Of course as a Senate Democrat he did take part in any blocking of judicial
appointments by Bush where applicable, which did not rise to the level of the
Republican blocking of Obama appointments, but this source hardly paints him
as the sort of, I don't know, judge-appointment-blocking ninja which I guess
in your mind he's made a career out of. And it certainly doesn't support your
original wrong assertion that Biden threatened to block SCOTUS nominees during
an election year, back in 1992.

Here's something he also said during that same speech:

> _I believe that so long as the public continues to split its confidence
> between the branches, compromise is the responsible course both for the
> White House and for the Senate. Therefore I stand by my position, Mr.
> President, if the President consults and cooperates with the Senate or
> moderates his selections absent consultation, then his nominees may enjoy my
> support as did Justices Kennedy and Souter._

Garland was approved unanimously by the Senate for his current appointment,
and Obama has made every attempt to reach out to Senate Republicans. Every
criteria laid out by Biden back then, has been met. So no, this GOP
obstruction does not have precedent or justification across the aisle, or it
at least does not have it where you claim it does. Look somewhere else.

And let's not forget _it 's a shitty precedent to have_. The Constitution says
nothing about "except in an election year" for fucks sake, and the American
people most certainly did "decide" back when they re-elected Obama in 2012.
For that matter, given his current approval rating, they have not changed
their mind since then, either.

------
bpchaps
Posted this in the other thread about this. I think it's important enough to
paste here:

If anybody wants to do something about this with me and others, start sending
Foia requests for similar information to your local and state governments.
You'll find that there is a huge amount of aversion towards releasing things
like call logs and email. Push on and on and you'll eventually get what you're
looking for. Highlighting the absurdities of these laws through civil
reciprocation may just go a long way.

If all goes as best as it can go, I should have Chicago's mayor's office's dns
resolution logs tomorrow. Just so I can limit an email search since they
consider it too difficult to search for three companies in their email records
for a single week. It's taken a year and a half to get this far, but it takes
minutes for them to do the same.

This is absurd.

This isn't a place for journalists anymore. None I've talked to are ever
willing to do anything similar because of the time it takes to get a request
fulfilled. Don't be like them, and just persist, dammit.

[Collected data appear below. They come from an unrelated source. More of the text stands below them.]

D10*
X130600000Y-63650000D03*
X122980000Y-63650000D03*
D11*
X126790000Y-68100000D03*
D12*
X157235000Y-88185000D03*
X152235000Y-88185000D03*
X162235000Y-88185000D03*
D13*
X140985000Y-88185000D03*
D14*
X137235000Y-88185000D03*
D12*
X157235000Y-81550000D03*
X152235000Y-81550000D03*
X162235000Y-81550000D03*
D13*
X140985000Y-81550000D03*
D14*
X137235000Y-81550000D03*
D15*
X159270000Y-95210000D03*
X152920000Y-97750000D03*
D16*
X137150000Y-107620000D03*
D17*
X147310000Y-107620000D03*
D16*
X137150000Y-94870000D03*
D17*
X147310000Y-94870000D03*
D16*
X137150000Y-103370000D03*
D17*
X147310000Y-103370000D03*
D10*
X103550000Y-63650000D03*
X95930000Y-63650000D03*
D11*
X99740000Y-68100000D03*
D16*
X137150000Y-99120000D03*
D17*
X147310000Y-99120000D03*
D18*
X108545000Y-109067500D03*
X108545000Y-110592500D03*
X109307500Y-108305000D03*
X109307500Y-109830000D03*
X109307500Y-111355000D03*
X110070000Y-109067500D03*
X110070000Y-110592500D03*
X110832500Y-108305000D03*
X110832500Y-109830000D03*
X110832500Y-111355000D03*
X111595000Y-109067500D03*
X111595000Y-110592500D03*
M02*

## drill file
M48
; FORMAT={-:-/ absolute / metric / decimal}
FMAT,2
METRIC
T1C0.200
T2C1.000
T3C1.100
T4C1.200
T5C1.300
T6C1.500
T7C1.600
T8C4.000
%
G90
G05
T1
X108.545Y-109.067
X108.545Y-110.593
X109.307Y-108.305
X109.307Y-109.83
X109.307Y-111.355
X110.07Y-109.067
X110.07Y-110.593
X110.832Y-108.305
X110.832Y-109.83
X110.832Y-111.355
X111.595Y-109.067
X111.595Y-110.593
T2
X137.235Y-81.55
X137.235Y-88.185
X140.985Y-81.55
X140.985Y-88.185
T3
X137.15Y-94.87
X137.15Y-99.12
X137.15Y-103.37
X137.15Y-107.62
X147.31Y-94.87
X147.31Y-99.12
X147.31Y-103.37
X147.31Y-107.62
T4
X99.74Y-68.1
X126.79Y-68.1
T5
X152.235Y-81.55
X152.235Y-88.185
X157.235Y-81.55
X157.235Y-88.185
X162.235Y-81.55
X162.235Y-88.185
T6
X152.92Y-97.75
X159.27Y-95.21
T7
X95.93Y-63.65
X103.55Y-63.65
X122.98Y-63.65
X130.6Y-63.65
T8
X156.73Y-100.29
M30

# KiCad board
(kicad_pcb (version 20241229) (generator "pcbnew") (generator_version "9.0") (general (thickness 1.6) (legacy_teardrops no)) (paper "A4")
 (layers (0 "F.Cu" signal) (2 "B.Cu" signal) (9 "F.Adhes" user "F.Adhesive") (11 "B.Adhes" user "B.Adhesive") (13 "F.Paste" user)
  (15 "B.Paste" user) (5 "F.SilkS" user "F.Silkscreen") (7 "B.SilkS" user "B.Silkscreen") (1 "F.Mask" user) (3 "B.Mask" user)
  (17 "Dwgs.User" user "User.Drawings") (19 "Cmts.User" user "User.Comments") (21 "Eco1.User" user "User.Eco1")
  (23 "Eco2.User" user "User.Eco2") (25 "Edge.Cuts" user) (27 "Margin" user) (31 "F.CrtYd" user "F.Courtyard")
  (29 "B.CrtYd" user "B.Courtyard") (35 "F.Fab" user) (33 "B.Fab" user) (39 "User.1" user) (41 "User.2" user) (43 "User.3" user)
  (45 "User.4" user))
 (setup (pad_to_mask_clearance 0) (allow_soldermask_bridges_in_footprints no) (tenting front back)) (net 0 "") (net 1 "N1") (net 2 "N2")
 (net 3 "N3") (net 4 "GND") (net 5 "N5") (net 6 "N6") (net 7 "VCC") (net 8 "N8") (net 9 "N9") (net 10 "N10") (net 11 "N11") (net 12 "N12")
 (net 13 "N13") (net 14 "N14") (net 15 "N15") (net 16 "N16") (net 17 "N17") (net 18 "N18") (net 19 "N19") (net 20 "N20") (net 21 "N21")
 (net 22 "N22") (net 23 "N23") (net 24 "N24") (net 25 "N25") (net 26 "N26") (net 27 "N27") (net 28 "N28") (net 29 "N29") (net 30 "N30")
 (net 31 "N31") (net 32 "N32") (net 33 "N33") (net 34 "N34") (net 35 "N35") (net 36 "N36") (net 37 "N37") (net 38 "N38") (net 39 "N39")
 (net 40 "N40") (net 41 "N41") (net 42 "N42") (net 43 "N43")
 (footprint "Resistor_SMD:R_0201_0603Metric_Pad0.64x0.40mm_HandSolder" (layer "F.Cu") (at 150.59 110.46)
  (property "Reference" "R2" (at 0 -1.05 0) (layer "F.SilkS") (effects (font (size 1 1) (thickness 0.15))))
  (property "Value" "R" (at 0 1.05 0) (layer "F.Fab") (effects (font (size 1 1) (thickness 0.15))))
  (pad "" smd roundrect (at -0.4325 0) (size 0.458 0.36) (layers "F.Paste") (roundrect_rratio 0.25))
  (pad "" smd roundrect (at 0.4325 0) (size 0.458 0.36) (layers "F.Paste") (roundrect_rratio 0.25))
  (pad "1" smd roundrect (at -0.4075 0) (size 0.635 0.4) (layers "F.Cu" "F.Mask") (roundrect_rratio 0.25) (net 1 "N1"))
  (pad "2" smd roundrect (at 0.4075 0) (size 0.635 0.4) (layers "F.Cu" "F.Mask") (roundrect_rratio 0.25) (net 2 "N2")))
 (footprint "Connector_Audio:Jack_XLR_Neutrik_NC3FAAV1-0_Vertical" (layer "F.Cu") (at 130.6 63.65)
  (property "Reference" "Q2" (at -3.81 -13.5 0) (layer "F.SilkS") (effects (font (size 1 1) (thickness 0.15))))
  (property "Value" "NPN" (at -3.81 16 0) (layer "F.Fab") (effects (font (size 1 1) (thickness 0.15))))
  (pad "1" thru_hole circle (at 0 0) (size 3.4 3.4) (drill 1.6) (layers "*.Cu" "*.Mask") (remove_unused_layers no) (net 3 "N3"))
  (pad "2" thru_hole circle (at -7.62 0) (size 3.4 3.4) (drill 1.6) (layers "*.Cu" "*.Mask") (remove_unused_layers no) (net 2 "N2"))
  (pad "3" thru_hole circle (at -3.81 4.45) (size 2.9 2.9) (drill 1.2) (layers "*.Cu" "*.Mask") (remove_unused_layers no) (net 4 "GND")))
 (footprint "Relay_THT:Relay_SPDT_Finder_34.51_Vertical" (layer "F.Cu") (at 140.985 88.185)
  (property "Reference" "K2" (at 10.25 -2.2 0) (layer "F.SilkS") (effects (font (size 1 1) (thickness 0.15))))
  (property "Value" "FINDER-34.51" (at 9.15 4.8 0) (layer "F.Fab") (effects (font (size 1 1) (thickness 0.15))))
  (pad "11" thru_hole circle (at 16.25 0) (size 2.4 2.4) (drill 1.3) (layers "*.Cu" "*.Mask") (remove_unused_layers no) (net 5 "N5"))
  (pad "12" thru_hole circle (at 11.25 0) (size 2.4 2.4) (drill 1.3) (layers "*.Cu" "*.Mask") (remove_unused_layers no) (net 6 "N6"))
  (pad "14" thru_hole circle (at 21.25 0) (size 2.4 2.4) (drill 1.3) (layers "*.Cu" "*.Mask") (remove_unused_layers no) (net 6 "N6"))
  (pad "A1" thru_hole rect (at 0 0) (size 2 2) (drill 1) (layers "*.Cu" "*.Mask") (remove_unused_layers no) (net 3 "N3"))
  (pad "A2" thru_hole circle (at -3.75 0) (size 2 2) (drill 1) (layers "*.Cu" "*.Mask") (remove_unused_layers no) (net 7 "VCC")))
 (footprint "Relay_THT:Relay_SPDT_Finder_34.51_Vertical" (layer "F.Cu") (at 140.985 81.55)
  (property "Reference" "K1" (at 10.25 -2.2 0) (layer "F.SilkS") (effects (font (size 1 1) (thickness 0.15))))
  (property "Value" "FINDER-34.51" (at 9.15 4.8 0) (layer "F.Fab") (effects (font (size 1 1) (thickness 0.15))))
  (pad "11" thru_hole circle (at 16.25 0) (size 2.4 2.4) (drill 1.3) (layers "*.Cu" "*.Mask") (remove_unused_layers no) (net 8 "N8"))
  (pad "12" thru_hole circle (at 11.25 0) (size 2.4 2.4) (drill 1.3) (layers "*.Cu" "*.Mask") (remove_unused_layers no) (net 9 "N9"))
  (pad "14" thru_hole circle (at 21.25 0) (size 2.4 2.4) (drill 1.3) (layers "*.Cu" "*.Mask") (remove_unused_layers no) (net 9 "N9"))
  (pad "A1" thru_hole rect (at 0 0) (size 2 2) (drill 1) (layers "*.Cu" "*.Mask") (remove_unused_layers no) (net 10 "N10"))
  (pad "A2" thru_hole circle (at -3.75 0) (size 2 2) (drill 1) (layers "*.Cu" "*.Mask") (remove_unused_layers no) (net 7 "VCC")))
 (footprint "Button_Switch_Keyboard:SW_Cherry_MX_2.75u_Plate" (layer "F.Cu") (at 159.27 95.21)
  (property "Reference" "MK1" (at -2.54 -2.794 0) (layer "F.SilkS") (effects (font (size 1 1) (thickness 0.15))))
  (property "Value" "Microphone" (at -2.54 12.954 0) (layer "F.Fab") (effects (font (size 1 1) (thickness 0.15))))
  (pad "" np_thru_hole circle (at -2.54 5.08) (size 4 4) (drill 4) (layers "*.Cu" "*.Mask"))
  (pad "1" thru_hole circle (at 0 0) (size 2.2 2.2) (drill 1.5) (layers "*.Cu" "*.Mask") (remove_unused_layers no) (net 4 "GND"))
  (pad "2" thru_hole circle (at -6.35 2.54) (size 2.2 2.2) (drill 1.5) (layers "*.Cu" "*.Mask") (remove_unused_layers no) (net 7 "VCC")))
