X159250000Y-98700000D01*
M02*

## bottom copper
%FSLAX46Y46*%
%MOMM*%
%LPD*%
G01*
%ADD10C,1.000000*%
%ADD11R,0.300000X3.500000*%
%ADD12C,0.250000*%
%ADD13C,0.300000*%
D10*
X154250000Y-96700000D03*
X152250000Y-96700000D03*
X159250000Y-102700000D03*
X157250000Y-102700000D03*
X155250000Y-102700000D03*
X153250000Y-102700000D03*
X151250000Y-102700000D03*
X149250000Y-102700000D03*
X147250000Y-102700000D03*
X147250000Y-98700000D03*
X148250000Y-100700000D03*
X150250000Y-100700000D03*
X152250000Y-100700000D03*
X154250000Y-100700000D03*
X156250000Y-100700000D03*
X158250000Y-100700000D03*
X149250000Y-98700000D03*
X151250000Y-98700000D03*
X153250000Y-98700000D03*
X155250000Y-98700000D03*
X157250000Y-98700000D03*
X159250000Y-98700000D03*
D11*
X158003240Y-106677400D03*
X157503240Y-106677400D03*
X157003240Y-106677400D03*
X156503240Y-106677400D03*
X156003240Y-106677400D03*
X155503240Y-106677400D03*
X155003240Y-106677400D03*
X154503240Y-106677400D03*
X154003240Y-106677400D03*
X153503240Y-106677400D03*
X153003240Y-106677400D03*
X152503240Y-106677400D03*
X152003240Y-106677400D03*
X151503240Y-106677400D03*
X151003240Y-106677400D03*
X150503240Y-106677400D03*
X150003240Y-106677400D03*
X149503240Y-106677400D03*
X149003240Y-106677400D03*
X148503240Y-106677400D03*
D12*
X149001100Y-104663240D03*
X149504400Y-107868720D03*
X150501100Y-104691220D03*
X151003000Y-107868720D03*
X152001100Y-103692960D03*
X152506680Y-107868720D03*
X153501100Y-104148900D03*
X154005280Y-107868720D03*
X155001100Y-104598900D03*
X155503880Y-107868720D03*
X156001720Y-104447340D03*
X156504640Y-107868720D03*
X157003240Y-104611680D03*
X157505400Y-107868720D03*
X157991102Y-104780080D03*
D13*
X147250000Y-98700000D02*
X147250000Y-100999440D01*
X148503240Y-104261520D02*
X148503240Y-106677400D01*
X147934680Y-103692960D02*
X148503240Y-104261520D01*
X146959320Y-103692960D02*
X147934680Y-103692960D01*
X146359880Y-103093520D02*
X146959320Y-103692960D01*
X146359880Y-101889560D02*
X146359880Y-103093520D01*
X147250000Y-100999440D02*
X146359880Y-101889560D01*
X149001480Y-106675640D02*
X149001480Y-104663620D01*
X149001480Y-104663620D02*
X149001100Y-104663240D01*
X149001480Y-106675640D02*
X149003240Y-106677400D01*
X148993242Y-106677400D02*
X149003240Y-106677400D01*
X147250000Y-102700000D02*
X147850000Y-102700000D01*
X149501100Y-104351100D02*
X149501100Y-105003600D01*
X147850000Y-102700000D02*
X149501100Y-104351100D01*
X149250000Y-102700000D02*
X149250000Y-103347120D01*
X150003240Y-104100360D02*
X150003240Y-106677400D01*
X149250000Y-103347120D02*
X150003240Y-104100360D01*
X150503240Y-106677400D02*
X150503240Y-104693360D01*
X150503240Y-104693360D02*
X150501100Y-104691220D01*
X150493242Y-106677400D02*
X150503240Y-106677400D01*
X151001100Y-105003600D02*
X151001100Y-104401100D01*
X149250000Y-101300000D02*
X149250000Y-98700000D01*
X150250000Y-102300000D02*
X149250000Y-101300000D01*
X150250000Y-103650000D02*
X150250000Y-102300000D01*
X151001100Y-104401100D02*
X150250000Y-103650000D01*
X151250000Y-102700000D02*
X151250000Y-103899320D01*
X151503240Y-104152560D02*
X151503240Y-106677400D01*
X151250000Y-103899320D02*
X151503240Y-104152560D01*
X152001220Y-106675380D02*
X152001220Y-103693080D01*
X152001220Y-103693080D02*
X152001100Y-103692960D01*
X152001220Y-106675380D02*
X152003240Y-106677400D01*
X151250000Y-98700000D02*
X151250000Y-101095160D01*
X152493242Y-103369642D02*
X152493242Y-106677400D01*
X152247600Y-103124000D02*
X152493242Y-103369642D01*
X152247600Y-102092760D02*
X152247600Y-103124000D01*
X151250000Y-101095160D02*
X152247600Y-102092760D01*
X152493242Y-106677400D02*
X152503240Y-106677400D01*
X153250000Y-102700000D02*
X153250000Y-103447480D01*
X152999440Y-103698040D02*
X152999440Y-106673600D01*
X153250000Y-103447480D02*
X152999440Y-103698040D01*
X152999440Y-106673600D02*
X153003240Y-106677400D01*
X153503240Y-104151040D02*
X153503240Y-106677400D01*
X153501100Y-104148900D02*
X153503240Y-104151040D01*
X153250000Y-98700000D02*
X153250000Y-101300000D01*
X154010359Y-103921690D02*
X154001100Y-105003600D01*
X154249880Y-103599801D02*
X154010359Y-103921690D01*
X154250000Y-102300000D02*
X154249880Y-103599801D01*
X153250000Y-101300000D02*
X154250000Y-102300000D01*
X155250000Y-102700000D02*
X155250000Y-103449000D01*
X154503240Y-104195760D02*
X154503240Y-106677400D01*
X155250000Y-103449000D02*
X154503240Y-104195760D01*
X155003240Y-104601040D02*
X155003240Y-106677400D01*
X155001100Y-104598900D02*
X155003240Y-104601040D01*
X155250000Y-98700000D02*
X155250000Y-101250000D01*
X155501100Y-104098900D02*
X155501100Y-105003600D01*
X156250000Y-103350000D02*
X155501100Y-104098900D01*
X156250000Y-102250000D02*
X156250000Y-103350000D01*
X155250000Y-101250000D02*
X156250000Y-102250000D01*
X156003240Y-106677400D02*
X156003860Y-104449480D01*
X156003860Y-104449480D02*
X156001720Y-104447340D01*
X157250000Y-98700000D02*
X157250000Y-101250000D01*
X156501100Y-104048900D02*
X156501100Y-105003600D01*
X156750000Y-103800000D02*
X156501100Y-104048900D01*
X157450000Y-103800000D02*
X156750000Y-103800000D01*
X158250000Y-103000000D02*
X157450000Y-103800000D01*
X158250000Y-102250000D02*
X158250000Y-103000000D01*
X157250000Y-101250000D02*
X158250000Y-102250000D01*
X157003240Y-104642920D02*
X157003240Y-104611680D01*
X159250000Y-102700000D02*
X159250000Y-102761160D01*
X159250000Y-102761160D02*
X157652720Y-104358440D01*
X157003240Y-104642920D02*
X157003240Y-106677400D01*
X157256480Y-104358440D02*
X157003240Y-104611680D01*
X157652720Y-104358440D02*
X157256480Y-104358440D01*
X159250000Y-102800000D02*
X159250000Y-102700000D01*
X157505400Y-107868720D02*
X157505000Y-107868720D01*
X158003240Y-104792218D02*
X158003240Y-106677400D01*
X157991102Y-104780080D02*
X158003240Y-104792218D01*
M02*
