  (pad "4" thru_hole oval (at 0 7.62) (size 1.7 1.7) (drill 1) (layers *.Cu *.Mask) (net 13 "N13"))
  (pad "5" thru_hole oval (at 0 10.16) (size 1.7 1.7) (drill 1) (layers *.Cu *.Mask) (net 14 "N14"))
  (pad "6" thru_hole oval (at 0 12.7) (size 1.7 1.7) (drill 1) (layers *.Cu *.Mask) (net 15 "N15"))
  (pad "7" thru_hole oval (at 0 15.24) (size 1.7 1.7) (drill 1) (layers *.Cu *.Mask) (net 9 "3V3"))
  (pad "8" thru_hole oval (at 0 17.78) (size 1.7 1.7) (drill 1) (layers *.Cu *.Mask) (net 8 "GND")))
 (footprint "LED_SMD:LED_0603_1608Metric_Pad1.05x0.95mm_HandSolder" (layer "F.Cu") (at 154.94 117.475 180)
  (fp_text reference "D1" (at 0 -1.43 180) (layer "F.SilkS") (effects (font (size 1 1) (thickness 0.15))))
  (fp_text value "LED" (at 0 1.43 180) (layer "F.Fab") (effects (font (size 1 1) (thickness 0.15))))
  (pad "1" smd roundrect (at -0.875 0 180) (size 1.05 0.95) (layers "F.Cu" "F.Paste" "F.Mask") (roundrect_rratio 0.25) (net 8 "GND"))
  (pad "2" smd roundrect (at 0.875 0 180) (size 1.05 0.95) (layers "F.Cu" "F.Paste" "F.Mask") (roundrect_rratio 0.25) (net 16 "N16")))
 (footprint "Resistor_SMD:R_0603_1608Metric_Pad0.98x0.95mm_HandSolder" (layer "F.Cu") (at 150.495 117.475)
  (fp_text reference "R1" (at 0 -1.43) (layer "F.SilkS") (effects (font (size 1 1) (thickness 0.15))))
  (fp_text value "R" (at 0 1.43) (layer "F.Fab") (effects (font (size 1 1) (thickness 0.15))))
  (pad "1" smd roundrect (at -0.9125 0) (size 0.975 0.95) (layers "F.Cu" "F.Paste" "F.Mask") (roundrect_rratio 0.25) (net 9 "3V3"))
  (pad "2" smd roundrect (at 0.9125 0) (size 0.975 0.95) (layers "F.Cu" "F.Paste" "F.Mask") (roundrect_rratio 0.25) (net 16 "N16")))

[https://docs.google.com/spreadsheets/d/1hgG79eIr8MbkjYrCvcTR...](https://docs.google.com/spreadsheets/d/1hgG79eIr8MbkjYrCvcTRN8n876KL8aXYYu5it8Lg0g8)

------
privong
This is important:

> Mitch McConnell (R-KY) switched his vote at the last minute. He submitted a
> motion to reconsider the vote following the defeat. A new vote may be set
> for later on Wednesday.

So while it didn't advance this morning, it will likely come up for another
vote later today. It hasn't been "rejected" per se, but has at least
experienced a (potentially short) setback.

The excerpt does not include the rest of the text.